Maybe the reason why I'm only seeing this behavior now might be because my computer's uptime is now 16 days, so the value is larger than I'm used to?
So it does appear to be a division accuracy issue with large numbers, but that still doesn't explain why the division was still correct in the Watch window.
Does it use a higher-precision type than double for it's results?
Adion,
If you don't mind the performance hit, cast your QuadPart numbers to decimal instead of double before performing the division. Then cast the resulting number back to double.
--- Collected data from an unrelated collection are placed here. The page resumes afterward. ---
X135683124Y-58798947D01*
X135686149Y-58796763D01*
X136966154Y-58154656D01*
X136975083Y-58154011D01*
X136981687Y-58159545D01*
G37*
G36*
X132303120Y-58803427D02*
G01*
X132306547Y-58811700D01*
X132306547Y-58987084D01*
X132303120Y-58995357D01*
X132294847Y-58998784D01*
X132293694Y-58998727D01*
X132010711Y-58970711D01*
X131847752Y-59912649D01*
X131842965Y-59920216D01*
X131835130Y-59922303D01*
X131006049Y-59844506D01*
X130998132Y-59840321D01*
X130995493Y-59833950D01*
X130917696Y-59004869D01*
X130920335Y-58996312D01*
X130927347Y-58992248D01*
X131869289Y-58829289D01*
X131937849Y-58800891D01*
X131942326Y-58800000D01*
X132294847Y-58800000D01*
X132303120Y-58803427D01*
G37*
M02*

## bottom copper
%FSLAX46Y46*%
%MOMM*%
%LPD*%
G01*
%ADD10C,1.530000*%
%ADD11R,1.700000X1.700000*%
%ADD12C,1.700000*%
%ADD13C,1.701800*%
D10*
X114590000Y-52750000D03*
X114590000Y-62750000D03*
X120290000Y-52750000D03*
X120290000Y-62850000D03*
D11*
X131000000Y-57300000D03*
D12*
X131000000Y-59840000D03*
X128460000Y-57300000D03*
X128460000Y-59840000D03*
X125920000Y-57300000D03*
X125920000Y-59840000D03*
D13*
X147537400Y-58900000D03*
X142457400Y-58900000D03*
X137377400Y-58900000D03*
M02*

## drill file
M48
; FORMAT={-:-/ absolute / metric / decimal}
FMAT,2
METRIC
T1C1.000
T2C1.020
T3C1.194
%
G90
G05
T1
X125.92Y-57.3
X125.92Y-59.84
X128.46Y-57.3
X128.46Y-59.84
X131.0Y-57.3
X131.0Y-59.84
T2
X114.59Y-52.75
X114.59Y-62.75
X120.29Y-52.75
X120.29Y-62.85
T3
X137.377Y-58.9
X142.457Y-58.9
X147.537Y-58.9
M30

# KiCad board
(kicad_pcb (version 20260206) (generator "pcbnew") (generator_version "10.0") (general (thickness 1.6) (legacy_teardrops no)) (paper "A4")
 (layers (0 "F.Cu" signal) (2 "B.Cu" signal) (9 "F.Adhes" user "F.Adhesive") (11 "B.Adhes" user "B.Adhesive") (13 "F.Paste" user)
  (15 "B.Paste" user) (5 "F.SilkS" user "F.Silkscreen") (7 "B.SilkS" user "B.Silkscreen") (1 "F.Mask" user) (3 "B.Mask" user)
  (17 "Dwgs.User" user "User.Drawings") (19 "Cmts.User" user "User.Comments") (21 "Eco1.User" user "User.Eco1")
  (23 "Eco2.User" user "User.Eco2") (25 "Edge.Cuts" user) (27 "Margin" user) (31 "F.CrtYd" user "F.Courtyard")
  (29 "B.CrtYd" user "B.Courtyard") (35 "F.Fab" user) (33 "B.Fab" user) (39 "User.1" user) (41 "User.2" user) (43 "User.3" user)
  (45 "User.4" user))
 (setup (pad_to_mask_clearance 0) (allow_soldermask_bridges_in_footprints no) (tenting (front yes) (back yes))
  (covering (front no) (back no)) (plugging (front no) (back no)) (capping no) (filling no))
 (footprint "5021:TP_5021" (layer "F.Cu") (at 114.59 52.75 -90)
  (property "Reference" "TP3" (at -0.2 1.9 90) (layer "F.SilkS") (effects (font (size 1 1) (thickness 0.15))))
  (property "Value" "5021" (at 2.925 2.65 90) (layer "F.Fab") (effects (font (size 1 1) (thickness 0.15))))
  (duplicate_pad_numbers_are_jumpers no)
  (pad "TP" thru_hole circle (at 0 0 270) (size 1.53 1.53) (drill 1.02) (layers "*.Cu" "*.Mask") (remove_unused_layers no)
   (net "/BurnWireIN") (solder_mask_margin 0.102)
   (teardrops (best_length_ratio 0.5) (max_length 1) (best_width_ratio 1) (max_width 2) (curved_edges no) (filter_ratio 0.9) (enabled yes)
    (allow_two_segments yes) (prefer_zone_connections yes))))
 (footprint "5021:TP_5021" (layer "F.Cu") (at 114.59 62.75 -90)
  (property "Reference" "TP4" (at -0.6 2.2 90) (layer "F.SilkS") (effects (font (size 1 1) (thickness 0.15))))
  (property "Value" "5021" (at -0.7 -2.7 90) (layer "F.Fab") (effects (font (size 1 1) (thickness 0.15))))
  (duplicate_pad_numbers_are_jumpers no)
You are correct about the size of the numbers. It throws off the accuracy of the floating point calculations.
For more about this than you probably ever wanted to know, see:
What Every Computer Scientist Should Know About Floating-Point Arithmetic
http://docs.sun.com/source/806-3568/ncg_goldberg.html
Thanks, using decimal would probably be a solution too.
For now I've taken a slightly different approach, which also works well, at least as long as my program doesn't run longer than a week or so without restarting.
I just remember the performance counter of when my program started, and subtract this from the current counter before converting to double and doing the division.
I'm not sure which solution would be fastest, I guess I'd have to benchmark that first.
bool perfTimerInitialized = false;
double timerPerformanceFrequencyDbl;
LARGE_INTEGER timerPerformanceFrequency;
LARGE_INTEGER timerPerformanceCounterStart;
double timeGetExactTime()
{
if (!perfTimerInitialized) {
QueryPerformanceFrequency(&timerPerformanceFrequency);
timerPerformanceFrequencyDbl = ((double)timerPerformanceFrequency.QuadPart) / 1000.0;
QueryPerformanceCounter(&timerPerformanceCounterStart);
perfTimerInitialized = true;
}
LARGE_INTEGER timerPerformanceCounter;
if (QueryPerformanceCounter(&timerPerformanceCounter)) {
timerPerformanceCounter.QuadPart -= timerPerformanceCounterStart.QuadPart;
return ((double)timerPerformanceCounter.QuadPart) / timerPerformanceFrequencyDbl;
}
return (double)timeGetTime();
}